The rules proposed recently by the SEC are quietly astonishing.
Going into last week, one big concern had been whether a new, invasive regime of verification might chill angel investing, which would have been especially hard to bear when issuers chose not avail themselves of the new permissiveness. But last week's release goes out of the SEC's way to be reassuring about preservation of (to borrow Joe Bartlett's phrase) the "quiet" 506:
"While we are proposing Rule 506(c) to allow for Rule 506 offerings that use general solicitation, we are preserving, under existing Rule 506(b), the existing ability of issuers to conduct Rule 506 offerings without the use of general solicitation. We recognize that offerings under existing Rule 506 represent an important source of capital for issuers of all sizes and believe that the continued availability of existing Rule 506 will be important for those issuers that either do not wish to engage in general solicitation in their Rule 506 offerings (and become subject to the new requirement to take reasonable steps to verify the accredited investor status of purchasers) or wish to sell privately to non-accredited investors who meet Rule 506(b)’s sophistication requirements. Retaining the safe harbor under existing Rule 506 may also be beneficial to investors with whom an issuer has a pre-existing substantive relationship. In this regard, we do not believe that Section 201(a) requires the Commission to modify Rule 506 to impose any new requirements on offers and sales of securities that do not involve general solicitation. Therefore, the amendments to Rule 506 we are proposing today would not amend or modify the requirements relating to existing Rule 506."

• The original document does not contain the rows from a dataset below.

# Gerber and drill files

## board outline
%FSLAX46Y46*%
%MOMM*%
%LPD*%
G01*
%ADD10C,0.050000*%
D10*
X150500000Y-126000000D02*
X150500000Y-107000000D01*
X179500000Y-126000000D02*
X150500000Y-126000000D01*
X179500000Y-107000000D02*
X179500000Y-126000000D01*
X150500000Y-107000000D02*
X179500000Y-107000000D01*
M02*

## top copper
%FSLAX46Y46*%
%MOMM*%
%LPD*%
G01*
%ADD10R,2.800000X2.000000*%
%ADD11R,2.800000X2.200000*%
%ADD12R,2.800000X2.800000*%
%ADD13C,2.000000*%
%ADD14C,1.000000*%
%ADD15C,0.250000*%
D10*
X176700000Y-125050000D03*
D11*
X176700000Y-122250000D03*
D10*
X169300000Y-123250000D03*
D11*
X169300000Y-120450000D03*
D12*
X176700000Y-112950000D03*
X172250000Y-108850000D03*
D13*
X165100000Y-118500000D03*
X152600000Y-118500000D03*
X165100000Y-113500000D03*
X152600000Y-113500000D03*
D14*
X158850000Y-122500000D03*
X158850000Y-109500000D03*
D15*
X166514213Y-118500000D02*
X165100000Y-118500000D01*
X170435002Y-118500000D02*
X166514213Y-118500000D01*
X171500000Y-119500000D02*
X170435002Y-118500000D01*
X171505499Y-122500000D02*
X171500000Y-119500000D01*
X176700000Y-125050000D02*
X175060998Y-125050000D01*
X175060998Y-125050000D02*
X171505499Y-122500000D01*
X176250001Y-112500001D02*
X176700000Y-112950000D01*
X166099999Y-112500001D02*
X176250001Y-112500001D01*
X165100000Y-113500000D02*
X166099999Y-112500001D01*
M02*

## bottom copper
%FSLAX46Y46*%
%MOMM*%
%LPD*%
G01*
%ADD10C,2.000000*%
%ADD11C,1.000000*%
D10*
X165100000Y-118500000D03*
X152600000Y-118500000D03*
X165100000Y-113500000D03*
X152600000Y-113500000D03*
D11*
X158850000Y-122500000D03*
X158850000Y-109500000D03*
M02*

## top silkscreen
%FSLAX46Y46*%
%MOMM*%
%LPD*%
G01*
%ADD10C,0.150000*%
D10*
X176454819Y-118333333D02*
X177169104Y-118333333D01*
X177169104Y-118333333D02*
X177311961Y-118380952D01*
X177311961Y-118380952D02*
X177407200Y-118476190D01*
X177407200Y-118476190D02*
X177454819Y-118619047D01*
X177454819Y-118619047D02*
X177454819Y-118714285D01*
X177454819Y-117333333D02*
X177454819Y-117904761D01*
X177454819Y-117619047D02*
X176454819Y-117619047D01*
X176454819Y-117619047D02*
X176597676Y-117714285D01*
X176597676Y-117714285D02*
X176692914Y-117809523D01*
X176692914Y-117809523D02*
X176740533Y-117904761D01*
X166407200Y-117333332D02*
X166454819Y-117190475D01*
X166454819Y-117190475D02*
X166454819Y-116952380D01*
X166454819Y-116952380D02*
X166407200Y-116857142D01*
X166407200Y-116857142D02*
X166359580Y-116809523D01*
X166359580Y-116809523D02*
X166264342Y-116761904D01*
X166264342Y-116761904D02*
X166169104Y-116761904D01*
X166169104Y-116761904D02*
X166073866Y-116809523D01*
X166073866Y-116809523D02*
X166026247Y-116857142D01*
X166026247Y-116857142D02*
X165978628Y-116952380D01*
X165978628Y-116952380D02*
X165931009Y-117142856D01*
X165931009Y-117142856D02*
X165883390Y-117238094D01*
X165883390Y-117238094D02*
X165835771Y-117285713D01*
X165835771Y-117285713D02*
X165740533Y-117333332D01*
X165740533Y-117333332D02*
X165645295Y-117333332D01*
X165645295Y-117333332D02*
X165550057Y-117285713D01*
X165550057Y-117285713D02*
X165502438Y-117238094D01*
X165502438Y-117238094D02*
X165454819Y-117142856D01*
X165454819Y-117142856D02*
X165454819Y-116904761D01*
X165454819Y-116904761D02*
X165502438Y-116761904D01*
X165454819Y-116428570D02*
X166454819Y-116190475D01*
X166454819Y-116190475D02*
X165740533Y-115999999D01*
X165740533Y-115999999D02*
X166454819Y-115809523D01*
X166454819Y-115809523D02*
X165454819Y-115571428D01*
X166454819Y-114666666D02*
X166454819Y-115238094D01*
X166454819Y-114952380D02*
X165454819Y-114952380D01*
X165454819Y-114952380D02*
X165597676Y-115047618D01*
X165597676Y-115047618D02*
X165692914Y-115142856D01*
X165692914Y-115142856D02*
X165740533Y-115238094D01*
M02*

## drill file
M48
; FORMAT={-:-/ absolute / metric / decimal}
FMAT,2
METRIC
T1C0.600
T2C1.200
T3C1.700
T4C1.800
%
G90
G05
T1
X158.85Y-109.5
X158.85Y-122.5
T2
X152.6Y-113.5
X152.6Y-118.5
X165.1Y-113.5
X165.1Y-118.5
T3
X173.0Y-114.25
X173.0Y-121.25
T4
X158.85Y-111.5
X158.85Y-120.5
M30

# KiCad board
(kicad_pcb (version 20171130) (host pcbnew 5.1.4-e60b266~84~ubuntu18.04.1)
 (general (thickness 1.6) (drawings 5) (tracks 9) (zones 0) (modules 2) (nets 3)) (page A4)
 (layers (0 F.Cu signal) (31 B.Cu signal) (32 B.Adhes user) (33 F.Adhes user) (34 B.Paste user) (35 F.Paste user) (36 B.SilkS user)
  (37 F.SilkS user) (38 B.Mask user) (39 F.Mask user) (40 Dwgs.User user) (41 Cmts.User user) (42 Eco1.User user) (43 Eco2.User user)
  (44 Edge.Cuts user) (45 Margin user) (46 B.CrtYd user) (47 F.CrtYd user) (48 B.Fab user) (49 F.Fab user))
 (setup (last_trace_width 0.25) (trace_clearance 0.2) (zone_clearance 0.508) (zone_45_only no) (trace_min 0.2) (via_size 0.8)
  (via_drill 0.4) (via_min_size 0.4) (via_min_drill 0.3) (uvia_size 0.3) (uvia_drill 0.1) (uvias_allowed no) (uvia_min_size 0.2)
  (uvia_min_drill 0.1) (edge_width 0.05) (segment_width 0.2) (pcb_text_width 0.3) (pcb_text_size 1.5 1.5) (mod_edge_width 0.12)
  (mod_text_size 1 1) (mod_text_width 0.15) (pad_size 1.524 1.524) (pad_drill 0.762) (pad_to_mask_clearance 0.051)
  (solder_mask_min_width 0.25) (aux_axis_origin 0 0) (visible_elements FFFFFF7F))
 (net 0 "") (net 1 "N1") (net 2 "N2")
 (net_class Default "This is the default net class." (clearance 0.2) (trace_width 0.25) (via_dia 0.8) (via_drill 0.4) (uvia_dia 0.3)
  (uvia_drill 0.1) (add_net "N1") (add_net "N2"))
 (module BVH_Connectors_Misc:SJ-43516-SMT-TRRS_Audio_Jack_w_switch (layer F.Cu) (at 173 118 90)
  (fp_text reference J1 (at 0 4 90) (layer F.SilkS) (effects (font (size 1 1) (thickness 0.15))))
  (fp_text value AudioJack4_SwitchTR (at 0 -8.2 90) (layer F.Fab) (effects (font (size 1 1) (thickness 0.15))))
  (pad 1 smd rect (at -7.05 3.7 90) (size 2 2.8) (layers F.Cu F.Paste F.Mask) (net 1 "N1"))
  (pad 4 smd rect (at -4.25 3.7 90) (size 2.2 2.8) (layers F.Cu F.Paste F.Mask))
  (pad 6 smd rect (at -5.25 -3.7 90) (size 2 2.8) (layers F.Cu F.Paste F.Mask))
  (pad 3 smd rect (at -2.45 -3.7 90) (size 2.2 2.8) (layers F.Cu F.Paste F.Mask))
  (pad 2 smd rect (at 5.05 3.7 90) (size 2.8 2.8) (layers F.Cu F.Paste F.Mask) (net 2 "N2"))
  (pad 5 smd rect (at 9.15 -0.75 90) (size 2.8 2.8) (layers F.Cu F.Paste F.Mask))
  (pad "" np_thru_hole circle (at -3.25 0 90) (size 1.7 1.7) (drill 1.7) (layers *.Cu *.Mask))
  (pad "" np_thru_hole circle (at 3.75 0 90) (size 1.7 1.7) (drill 1.7) (layers *.Cu *.Mask)))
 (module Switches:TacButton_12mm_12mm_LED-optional (layer F.Cu) (at 158.85 116 180)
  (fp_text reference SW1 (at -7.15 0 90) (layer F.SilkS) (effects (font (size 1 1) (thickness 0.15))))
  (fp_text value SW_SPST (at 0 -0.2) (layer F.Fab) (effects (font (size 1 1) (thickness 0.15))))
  (pad 1 thru_hole circle (at -6.25 -2.5 180) (size 2 2) (drill 1.2) (layers *.Cu *.Mask) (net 1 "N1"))
  (pad 1 thru_hole circle (at 6.25 -2.5 180) (size 2 2) (drill 1.2) (layers *.Cu *.Mask) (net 1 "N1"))
  (pad 2 thru_hole circle (at -6.25 2.5 180) (size 2 2) (drill 1.2) (layers *.Cu *.Mask) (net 2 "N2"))
  (pad 2 thru_hole circle (at 6.25 2.5 180) (size 2 2) (drill 1.2) (layers *.Cu *.Mask) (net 2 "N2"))
  (pad 3 thru_hole circle (at 0 -6.5 180) (size 1 1) (drill 0.6) (layers *.Cu *.Mask))
  (pad 4 thru_hole circle (at 0 6.5 180) (size 1 1) (drill 0.6) (layers *.Cu *.Mask))
  (pad "" np_thru_hole circle (at 0 -4.5 180) (size 1.8 1.8) (drill 1.8) (layers *.Cu *.Mask))
  (pad "" np_thru_hole circle (at 0 4.5 180) (size 1.8 1.8) (drill 1.8) (layers *.Cu *.Mask)))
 (gr_line (start 150.5 126) (end 150.5 107) (layer Edge.Cuts) (width 0.05))
 (gr_line (start 179.5 126) (end 150.5 126) (layer Edge.Cuts) (width 0.05))
 (gr_line (start 179.5 107) (end 179.5 126) (layer Edge.Cuts) (width 0.05))
 (gr_line (start 150.5 107) (end 179.5 107) (layer Edge.Cuts) (width 0.05))
 (segment (start 166.514213 118.5) (end 165.1 118.5) (width 0.25) (layer F.Cu) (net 1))
 (segment (start 170.435002 118.5) (end 166.514213 118.5) (width 0.25) (layer F.Cu) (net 1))
 (segment (start 171.5 119.5) (end 170.435002 118.5) (width 0.25) (layer F.Cu) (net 1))
 (segment (start 171.505499 122.5) (end 171.5 119.5) (width 0.25) (layer F.Cu) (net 1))
 (segment (start 176.7 125.05) (end 175.060998 125.05) (width 0.25) (layer F.Cu) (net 1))
 (segment (start 175.060998 125.05) (end 171.505499 122.5) (width 0.25) (layer F.Cu) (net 1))
 (segment (start 176.250001 112.500001) (end 176.7 112.95) (width 0.25) (layer F.Cu) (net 2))
 (segment (start 166.099999 112.500001) (end 176.250001 112.500001) (width 0.25) (layer F.Cu) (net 2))
 (segment (start 165.1 113.5) (end 166.099999 112.500001) (width 0.25) (layer F.Cu) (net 2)))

This is a good thing and should make it easier for the startup ecosystem to transition, over time, to something other than the paradigms that are normative today.

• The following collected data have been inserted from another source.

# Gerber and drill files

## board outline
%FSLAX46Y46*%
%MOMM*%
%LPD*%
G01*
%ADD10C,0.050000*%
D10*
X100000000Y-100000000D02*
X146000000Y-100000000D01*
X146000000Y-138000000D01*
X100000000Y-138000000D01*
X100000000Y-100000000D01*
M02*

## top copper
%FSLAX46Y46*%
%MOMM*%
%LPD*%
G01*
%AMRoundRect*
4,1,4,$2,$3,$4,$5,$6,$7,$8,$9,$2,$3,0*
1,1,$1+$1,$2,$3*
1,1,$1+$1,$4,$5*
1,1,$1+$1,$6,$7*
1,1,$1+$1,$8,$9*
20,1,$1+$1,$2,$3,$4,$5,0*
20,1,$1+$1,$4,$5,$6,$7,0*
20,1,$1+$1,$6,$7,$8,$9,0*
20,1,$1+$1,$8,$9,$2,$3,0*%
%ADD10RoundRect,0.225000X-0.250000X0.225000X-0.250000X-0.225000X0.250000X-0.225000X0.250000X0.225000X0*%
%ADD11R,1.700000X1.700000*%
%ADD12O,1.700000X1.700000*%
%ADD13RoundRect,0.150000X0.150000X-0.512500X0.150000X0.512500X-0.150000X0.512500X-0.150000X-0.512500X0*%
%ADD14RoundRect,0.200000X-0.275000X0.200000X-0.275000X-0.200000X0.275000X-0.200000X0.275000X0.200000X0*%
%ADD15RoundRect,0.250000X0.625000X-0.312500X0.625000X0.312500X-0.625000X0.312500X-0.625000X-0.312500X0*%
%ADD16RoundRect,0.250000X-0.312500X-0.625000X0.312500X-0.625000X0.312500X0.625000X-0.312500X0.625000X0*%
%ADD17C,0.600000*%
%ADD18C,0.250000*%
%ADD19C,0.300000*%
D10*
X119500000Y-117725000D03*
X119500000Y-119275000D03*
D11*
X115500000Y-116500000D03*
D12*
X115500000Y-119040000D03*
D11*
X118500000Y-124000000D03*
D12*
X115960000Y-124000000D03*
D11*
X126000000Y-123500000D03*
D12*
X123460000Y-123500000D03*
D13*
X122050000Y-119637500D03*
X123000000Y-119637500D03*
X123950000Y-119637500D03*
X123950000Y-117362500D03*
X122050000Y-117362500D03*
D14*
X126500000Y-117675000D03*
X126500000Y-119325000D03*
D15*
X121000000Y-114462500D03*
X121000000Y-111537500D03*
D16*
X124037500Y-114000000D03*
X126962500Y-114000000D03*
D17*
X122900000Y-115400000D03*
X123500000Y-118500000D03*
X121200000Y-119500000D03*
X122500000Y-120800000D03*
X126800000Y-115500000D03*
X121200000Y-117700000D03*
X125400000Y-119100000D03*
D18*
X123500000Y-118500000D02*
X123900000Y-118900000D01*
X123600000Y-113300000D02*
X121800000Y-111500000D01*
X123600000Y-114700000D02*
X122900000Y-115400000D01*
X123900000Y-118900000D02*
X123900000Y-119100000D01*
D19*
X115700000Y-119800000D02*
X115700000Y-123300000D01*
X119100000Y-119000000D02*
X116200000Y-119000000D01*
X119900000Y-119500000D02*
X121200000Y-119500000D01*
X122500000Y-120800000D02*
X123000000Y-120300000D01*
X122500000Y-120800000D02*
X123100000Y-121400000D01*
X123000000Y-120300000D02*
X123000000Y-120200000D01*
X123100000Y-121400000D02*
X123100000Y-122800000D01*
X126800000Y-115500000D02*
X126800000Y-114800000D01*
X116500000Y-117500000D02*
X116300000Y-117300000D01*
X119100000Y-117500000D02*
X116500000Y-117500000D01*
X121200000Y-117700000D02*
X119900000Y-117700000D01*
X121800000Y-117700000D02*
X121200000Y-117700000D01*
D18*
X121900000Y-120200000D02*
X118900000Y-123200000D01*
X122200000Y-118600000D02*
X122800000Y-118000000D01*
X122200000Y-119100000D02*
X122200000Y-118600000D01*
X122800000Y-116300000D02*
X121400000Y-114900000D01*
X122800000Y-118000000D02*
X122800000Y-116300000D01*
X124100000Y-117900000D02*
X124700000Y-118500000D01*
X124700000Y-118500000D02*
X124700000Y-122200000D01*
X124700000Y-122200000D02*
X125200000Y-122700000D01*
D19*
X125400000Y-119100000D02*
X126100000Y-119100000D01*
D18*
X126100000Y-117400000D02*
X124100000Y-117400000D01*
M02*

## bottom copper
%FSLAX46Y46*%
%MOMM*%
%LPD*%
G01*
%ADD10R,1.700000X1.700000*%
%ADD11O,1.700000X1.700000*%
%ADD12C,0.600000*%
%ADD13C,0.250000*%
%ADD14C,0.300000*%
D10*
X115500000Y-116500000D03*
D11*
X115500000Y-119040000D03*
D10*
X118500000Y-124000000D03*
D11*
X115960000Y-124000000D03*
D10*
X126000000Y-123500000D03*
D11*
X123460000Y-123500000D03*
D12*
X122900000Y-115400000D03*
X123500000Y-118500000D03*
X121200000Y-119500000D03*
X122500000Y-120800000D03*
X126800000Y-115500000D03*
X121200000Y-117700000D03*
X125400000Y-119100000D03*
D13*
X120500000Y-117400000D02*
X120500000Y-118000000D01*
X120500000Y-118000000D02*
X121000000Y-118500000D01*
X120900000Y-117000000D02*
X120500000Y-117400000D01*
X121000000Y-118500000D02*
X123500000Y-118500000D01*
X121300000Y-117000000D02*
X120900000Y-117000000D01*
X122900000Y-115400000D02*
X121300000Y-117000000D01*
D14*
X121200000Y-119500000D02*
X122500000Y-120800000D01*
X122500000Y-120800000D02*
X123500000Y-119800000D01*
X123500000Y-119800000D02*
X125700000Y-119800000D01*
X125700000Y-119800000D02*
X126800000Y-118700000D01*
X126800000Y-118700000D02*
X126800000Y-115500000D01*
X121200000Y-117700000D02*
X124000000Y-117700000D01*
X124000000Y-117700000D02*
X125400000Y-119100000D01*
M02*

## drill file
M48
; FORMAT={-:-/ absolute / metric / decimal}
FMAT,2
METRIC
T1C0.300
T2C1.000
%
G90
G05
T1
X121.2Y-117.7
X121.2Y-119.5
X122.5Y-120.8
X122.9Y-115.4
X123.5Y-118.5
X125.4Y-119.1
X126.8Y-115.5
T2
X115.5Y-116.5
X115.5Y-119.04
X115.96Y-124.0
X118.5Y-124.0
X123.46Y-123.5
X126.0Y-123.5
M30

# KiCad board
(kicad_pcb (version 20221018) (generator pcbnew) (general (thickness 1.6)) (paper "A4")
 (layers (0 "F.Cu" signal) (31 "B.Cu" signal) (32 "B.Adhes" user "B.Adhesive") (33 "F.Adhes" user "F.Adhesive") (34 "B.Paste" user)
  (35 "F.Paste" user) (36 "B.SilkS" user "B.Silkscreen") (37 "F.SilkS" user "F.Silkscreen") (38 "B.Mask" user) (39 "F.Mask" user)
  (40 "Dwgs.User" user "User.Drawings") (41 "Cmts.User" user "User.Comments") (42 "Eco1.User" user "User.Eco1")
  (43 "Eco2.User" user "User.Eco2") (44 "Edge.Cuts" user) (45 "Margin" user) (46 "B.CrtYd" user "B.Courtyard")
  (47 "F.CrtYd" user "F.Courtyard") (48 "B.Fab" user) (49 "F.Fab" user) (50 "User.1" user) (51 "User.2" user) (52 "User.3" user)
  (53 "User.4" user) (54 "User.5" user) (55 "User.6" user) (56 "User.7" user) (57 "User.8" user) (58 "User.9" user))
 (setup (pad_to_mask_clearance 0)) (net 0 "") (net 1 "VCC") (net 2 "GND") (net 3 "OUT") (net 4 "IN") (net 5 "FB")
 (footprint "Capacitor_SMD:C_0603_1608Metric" (layer "F.Cu") (at 119.5 118.5 -90)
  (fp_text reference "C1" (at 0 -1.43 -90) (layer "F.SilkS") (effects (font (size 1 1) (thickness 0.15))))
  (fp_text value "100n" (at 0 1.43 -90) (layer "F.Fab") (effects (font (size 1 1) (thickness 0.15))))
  (pad "1" smd roundrect (at -0.775 0 270) (size 0.9 0.95) (layers "F.Cu" "F.Paste" "F.Mask") (roundrect_rratio 0.25) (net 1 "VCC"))
  (pad "2" smd roundrect (at 0.775 0 270) (size 0.9 0.95) (layers "F.Cu" "F.Paste" "F.Mask") (roundrect_rratio 0.25) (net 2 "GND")))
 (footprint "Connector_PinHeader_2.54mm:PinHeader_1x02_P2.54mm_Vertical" (layer "F.Cu") (at 115.5 116.5)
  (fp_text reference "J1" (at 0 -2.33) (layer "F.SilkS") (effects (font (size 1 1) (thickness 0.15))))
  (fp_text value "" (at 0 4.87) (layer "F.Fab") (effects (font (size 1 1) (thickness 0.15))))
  (pad "1" thru_hole rect (at 0 0) (size 1.7 1.7) (drill 1) (layers "*.Cu" "*.Mask") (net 1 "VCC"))
  (pad "2" thru_hole oval (at 0 2.54) (size 1.7 1.7) (drill 1) (layers "*.Cu" "*.Mask") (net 2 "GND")))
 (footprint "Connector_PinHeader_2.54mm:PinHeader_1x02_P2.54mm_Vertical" (layer "F.Cu") (at 118.5 124 -90)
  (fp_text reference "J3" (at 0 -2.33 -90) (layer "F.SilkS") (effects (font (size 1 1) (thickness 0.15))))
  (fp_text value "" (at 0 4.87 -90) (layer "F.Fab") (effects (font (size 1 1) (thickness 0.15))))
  (pad "1" thru_hole rect (at 0 0 270) (size 1.7 1.7) (drill 1) (layers "*.Cu" "*.Mask") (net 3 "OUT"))
  (pad "2" thru_hole oval (at 0 2.54 270) (size 1.7 1.7) (drill 1) (layers "*.Cu" "*.Mask") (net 2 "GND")))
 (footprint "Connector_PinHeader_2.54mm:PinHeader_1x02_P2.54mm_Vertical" (layer "F.Cu") (at 126 123.5 -90)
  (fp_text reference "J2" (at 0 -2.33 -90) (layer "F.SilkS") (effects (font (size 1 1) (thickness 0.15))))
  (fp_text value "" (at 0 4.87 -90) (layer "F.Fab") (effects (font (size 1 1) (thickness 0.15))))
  (pad "1" thru_hole rect (at 0 0 270) (size 1.7 1.7) (drill 1) (layers "*.Cu" "*.Mask") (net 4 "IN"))
  (pad "2" thru_hole oval (at 0 2.54 270) (size 1.7 1.7) (drill 1) (layers "*.Cu" "*.Mask") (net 2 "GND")))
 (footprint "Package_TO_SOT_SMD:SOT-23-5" (layer "F.Cu") (at 123 118.5 90)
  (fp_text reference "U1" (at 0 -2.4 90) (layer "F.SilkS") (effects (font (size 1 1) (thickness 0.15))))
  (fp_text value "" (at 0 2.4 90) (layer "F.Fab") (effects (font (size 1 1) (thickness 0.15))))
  (pad "1" smd roundrect (at -1.1375 -0.95 90) (size 1.325 0.6) (layers "F.Cu" "F.Paste" "F.Mask") (roundrect_rratio 0.25) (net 3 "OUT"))
  (pad "2" smd roundrect (at -1.1375 0 90) (size 1.325 0.6) (layers "F.Cu" "F.Paste" "F.Mask") (roundrect_rratio 0.25) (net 2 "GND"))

Curiously, however, the release does not go on to propose a prescriptive set of verification methods for the fork of 506 involving general solicitation or general advertising.
The guts of the SEC's proposed, new, "noisy" 506(c) read as follows: "The issuer shall take reasonable steps to verify that purchasers of securities sold in any offering under this Section 203.506(c) are accredited investors."
What are "reasonable steps?" The release says that the answer to that question will be "based on the particular facts and circumstances of each transaction."
The release does discuss a variety of verification strategies proposed in public comment letters to date, including the idea - advocated by the ACA, SecondMarket, and others - that a proposed investment over a certain size should be indicative, in and of itself, that the investor likely has the net worth to be accredited. Third party verification is also discussed, though the release declines to say that such third parties must be broker dealers or must satisfy any criteria.
And the release has implicit warnings, too. I'd still like to see answers to the questions I put to FundersClub in GeekWire recently, but the discussion below, from the release, raises yet more:
"An issuer that solicits new investors through a website accessible to the general public or through a widely disseminated email or social media solicitation would likely be obligated to take greater measures to verify accredited investor status than an issuer that solicits new investors from a database of pre-screened accredited investors created and maintained by a reasonably reliable third party, such as a registered broker-dealer. In the case of the former, we do not believe that an issuer would have taken reasonable steps to verify accredited investor status if it required only that a person check a box in a questionnaire or sign a form, absent other information about the purchaser indicating accredited investor status. In the case of the latter, we believe an issuer would be entitled to rely on a third party that has verified a person’s status as an accredited investor, provided that the issuer has a reasonable basis to rely on such third-party verification."
Many lawyers, I suspect, will feel that the lack of clearer guidance on verification methods will make the "noisy" 506(c) less usable. But I think many entrepreneurs are going to use the new rule.
I will say the release is curious in this regard: when you consider how important it seemed to the Commission to nail down how to calculate the exclusion of the principal residence from the accredited investor net worth test - even to the point of overriding state law about mortgage deficiencies - it's odd to see it being so hands off on something so much more fundamental to private financing.